I had my daughter my emcs 7yrs ago. I was very ill due to hemorrhaging & needing 11 units of blood etc. I was in hdu for 4 days.... my daughter was healthy & had no problems at all. My daughter was kept with me even though i couldn't move, was out of it for days and didn't hold her until the 3rd day.
Not once was it ever mentioned to my husband that he should take my daughter home. The midwives looked after my daughter but made sure she was with me all the time.

EdithWeston Sat 01-Oct-11 09:42:25

I don't think this happens, unless the mother has a rare complication or an underlying condition which necessitates both a prolonged stay and a specialist (non maternity) ward, and when the mother cannot care for the baby herself. And even then, the baby would be welcome as a visitor.

ladywithnomanors Sat 01-Oct-11 09:44:29

Baby always stays with mum unless mum is seriously ill in intensive care or something.

MadamTwoSwords Sat 01-Oct-11 09:58:18

My baby went home before me.

I had an em-cs and then emergency surgery two days later on the Sunday. I didn't see my baby for 3 days and she was discharged and went home with Daddy on the Wednesday as they needed her space on the ward.
I didn't go home til the Friday.

scottishmummy Sat 01-Oct-11 09:59:10

no,not anyone policy.shes worrying unnecessarily

scottishmummy Sat 01-Oct-11 10:01:26

if regular cs and wound healing and mum ok then they keep mum & baby together. do get her to call mw get some reassurance.its a shame to worry about this

IssyStark Sat 01-Oct-11 10:20:07

I'd be very, very surprised. After my section, baby was with me until we went home. The midwives would have taken him for a couple of hours if I'd really needed them to (but then they'd have done that for any mum whatever delivery) but send him home away from his mum? Nope not going to happen.

Heck, even 32 years ago when my sister was born and my mum's stitches burst (second classic c-section) and she lost 5 pints of blood and was very ill, there was no question of my sister being sent home with my dad and me rather than stay in hospital with mum. My the time she left, when 5 weeks old, she looked like a giant compared to all the newborns!

Seriously, your friend needs to talk to her mw.

catsareevil Sat 01-Oct-11 10:30:13

She really needs to speak to her midwife for reassurance. If she is that worried I'm sure it would be ok for her to phone the maternity ward today, it woont take a minute for them to tell her.

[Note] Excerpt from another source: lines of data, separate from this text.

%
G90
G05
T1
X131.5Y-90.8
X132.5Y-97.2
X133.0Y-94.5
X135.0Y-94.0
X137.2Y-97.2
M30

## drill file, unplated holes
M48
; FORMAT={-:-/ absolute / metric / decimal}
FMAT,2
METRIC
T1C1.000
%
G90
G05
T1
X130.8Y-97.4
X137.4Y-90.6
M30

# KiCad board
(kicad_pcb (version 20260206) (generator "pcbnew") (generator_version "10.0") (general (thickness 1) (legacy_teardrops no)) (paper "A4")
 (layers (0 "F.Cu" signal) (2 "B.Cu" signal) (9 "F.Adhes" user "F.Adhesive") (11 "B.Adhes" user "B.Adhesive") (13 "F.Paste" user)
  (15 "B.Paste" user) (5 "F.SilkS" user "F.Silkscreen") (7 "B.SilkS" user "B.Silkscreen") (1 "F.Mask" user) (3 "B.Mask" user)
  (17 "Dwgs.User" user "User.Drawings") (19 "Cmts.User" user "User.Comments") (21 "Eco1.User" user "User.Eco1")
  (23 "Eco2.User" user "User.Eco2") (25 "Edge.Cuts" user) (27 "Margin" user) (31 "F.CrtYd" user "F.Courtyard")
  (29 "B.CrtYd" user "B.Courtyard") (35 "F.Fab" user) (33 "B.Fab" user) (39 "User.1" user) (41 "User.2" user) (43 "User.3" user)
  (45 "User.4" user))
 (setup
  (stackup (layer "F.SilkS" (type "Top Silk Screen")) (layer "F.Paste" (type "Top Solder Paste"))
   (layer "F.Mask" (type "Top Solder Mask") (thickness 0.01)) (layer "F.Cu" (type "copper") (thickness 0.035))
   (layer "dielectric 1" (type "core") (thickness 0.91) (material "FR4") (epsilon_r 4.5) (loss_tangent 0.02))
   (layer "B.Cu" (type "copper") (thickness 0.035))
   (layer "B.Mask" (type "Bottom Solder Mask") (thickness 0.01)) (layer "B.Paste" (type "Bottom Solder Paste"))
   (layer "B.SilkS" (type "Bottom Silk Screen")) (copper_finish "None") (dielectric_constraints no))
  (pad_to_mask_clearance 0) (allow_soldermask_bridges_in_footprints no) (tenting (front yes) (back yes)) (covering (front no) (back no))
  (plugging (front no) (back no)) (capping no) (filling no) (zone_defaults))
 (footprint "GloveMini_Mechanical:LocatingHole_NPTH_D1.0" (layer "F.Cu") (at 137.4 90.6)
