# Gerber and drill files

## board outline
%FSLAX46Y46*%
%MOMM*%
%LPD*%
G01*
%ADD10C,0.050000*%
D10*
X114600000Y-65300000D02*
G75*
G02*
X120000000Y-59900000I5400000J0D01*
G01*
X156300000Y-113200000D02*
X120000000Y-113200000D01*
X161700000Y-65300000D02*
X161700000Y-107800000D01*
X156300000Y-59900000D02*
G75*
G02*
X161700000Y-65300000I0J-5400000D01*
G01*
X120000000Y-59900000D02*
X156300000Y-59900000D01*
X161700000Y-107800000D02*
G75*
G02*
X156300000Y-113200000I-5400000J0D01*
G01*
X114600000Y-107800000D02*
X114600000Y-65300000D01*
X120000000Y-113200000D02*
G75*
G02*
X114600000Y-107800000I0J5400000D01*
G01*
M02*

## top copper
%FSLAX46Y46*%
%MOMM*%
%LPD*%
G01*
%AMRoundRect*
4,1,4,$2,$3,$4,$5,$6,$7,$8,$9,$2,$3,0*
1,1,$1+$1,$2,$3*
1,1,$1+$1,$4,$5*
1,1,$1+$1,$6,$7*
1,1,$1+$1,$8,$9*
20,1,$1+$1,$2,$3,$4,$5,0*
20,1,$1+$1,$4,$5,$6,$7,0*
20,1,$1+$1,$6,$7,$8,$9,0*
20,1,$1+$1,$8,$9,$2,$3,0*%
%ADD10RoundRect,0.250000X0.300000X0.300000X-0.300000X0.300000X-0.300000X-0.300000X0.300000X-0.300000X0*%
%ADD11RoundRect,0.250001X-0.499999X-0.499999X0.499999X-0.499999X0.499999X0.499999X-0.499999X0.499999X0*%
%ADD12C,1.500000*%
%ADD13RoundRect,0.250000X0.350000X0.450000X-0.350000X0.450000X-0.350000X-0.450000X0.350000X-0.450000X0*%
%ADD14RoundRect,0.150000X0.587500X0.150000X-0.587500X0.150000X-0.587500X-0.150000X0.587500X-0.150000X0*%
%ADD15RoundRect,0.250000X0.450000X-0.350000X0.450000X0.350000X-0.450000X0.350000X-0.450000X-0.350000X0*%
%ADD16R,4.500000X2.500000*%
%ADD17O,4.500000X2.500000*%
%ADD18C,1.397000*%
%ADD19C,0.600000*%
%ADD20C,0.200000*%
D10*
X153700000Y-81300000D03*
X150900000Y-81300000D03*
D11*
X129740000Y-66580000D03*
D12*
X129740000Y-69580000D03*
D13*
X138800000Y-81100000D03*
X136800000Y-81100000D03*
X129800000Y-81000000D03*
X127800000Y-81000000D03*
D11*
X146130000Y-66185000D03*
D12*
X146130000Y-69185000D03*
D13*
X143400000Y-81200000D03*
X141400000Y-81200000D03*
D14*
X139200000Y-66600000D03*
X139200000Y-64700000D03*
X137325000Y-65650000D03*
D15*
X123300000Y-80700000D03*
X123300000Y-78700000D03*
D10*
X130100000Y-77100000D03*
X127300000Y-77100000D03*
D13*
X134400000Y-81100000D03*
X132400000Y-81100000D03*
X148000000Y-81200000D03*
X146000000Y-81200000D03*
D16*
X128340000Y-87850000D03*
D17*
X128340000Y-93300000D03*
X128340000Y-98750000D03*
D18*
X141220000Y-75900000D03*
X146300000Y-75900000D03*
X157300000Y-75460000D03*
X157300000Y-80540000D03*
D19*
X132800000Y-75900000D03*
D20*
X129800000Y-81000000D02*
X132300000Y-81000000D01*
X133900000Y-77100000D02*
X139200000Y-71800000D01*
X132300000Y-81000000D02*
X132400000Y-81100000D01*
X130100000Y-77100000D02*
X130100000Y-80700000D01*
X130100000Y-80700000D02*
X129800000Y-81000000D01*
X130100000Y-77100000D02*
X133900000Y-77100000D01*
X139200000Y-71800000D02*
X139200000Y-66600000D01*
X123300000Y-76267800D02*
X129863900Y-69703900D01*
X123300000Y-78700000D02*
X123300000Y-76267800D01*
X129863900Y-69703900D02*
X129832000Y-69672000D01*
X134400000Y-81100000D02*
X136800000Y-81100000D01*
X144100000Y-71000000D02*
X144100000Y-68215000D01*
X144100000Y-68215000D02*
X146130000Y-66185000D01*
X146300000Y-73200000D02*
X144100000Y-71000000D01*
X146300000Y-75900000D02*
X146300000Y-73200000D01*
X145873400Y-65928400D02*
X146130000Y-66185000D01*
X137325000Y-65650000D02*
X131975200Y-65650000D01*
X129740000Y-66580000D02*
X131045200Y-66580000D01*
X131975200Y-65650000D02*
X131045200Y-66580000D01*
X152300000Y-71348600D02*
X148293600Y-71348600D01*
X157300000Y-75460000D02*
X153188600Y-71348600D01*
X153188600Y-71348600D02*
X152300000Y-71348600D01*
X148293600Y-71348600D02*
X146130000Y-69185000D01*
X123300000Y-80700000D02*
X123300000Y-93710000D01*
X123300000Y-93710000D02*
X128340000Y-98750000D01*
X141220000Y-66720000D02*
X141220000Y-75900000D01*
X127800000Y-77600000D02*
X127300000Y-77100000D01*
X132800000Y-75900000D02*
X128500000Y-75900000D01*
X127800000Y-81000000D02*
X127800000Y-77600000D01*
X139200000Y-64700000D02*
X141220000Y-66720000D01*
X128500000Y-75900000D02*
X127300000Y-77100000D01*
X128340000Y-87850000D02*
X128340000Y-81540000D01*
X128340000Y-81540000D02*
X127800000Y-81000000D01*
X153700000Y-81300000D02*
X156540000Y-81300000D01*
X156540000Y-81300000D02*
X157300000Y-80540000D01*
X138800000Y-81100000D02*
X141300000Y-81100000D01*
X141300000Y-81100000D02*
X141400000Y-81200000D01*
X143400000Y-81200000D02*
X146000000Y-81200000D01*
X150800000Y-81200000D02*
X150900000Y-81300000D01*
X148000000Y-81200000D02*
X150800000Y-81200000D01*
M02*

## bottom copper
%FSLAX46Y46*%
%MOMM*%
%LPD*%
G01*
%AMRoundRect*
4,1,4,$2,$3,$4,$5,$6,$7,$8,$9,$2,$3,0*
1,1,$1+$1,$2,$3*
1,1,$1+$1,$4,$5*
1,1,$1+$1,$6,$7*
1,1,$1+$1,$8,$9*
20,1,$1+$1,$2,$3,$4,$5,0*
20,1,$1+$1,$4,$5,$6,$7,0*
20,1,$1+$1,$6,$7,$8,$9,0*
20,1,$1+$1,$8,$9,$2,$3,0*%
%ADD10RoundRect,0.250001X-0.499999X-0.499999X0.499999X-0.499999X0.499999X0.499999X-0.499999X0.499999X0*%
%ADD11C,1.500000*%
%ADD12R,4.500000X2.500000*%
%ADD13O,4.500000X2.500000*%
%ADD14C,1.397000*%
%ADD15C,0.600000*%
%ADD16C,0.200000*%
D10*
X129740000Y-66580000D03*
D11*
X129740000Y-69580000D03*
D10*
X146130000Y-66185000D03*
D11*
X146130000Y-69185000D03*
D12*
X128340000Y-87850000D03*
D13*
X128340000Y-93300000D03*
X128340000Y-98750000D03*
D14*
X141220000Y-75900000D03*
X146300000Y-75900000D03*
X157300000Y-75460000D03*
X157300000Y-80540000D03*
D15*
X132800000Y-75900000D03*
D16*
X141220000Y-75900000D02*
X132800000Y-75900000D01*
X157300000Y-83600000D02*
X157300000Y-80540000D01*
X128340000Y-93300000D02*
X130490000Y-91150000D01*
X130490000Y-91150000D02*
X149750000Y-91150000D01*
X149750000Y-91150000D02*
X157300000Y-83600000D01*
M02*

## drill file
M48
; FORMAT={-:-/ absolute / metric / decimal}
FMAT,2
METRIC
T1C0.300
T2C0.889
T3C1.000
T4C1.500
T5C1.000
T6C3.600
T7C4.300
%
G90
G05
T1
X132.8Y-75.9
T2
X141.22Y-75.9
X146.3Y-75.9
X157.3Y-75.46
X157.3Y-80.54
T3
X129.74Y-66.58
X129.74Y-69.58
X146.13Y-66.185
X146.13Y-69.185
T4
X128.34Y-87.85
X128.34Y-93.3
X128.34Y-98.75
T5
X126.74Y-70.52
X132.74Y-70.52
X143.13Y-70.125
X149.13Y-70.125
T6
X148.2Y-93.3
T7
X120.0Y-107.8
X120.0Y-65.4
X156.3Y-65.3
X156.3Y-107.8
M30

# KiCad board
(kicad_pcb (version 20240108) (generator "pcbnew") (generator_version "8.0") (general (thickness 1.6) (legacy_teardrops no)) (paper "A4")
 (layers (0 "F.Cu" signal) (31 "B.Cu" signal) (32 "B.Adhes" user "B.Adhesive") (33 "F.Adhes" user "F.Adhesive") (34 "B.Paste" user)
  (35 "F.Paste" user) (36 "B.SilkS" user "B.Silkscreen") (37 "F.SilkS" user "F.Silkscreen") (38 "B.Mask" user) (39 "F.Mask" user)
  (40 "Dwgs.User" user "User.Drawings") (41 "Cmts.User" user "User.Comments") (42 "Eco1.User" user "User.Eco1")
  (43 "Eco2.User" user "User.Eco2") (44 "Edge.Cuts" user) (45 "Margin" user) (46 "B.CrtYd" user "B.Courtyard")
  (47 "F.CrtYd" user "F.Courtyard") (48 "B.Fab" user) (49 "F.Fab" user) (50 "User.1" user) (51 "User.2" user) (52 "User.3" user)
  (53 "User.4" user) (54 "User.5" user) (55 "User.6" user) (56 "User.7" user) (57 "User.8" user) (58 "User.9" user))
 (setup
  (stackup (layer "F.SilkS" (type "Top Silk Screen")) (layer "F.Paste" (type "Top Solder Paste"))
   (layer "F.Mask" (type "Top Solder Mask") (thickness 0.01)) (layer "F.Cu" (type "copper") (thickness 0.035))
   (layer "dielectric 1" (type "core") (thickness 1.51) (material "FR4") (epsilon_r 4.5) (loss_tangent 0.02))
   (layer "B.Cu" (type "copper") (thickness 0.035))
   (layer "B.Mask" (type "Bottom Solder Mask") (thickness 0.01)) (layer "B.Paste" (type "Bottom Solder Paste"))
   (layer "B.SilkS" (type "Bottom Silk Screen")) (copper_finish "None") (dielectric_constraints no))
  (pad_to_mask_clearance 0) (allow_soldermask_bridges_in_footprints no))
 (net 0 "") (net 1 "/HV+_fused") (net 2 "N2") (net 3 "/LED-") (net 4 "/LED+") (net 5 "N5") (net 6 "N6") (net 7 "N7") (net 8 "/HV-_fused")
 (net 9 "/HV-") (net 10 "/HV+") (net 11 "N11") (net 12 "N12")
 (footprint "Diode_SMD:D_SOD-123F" (layer "F.Cu") (at 152.3 81.3 180)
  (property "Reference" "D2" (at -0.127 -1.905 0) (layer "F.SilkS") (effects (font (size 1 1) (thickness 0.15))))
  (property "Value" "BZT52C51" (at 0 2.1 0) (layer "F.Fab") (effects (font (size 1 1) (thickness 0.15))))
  (pad "1" smd roundrect (at -1.4 0 180) (size 1.1 1.1) (layers "F.Cu" "F.Paste" "F.Mask") (roundrect_rratio 0.2272727273)
   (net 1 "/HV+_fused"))
  (pad "2" smd roundrect (at 1.4 0 180) (size 1.1 1.1) (layers "F.Cu" "F.Paste" "F.Mask") (roundrect_rratio 0.2272727273) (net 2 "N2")))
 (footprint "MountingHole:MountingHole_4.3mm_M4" (layer "F.Cu") (at 119.999999 107.800001)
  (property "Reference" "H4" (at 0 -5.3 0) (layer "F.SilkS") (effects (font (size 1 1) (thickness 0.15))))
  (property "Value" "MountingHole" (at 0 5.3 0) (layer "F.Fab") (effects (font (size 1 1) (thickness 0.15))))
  (pad "" np_thru_hole circle (at 0 0) (size 4.3 4.3) (drill 4.3) (layers "*.Cu" "*.Mask")))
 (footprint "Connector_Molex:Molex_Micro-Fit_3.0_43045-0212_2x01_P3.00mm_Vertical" (layer "F.Cu") (at 129.74 66.58)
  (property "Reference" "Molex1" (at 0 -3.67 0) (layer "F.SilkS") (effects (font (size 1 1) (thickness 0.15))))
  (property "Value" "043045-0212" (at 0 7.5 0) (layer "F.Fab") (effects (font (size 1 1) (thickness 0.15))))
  (pad "" np_thru_hole circle (at -3 3.94) (size 1 1) (drill 1) (layers "*.Cu" "*.Mask"))
  (pad "" np_thru_hole circle (at 3 3.94) (size 1 1) (drill 1) (layers "*.Cu" "*.Mask"))
  (pad "1" thru_hole roundrect (at 0 0) (size 1.5 1.5) (drill 1) (layers "*.Cu" "*.Mask") (remove_unused_layers no)
   (roundrect_rratio 0.166667) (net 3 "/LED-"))
  (pad "2" thru_hole circle (at 0 3) (size 1.5 1.5) (drill 1) (layers "*.Cu" "*.Mask") (remove_unused_layers no) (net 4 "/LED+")))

Squiglettsmummy2bx Sat 01-Oct-11 14:57:36

Thank you everyone, she said she is going to call & clarify smile

ChippingIn Sat 01-Oct-11 15:09:14

Good idea - there are enough correct things to worry about, without worrying about something that is highly unlikely to happen!

ToriaPumpkinPasty Sat 01-Oct-11 15:47:49

Good plan. I've never known a baby sent home without their mother, and when my friend was taken back in two weeks postpartum with rocketing blood pressure they brought the baby back in with her so they weren't seperated. And she was FF so in theory could have easily stayed home with dad.

I hope the hospital give her some reassurance!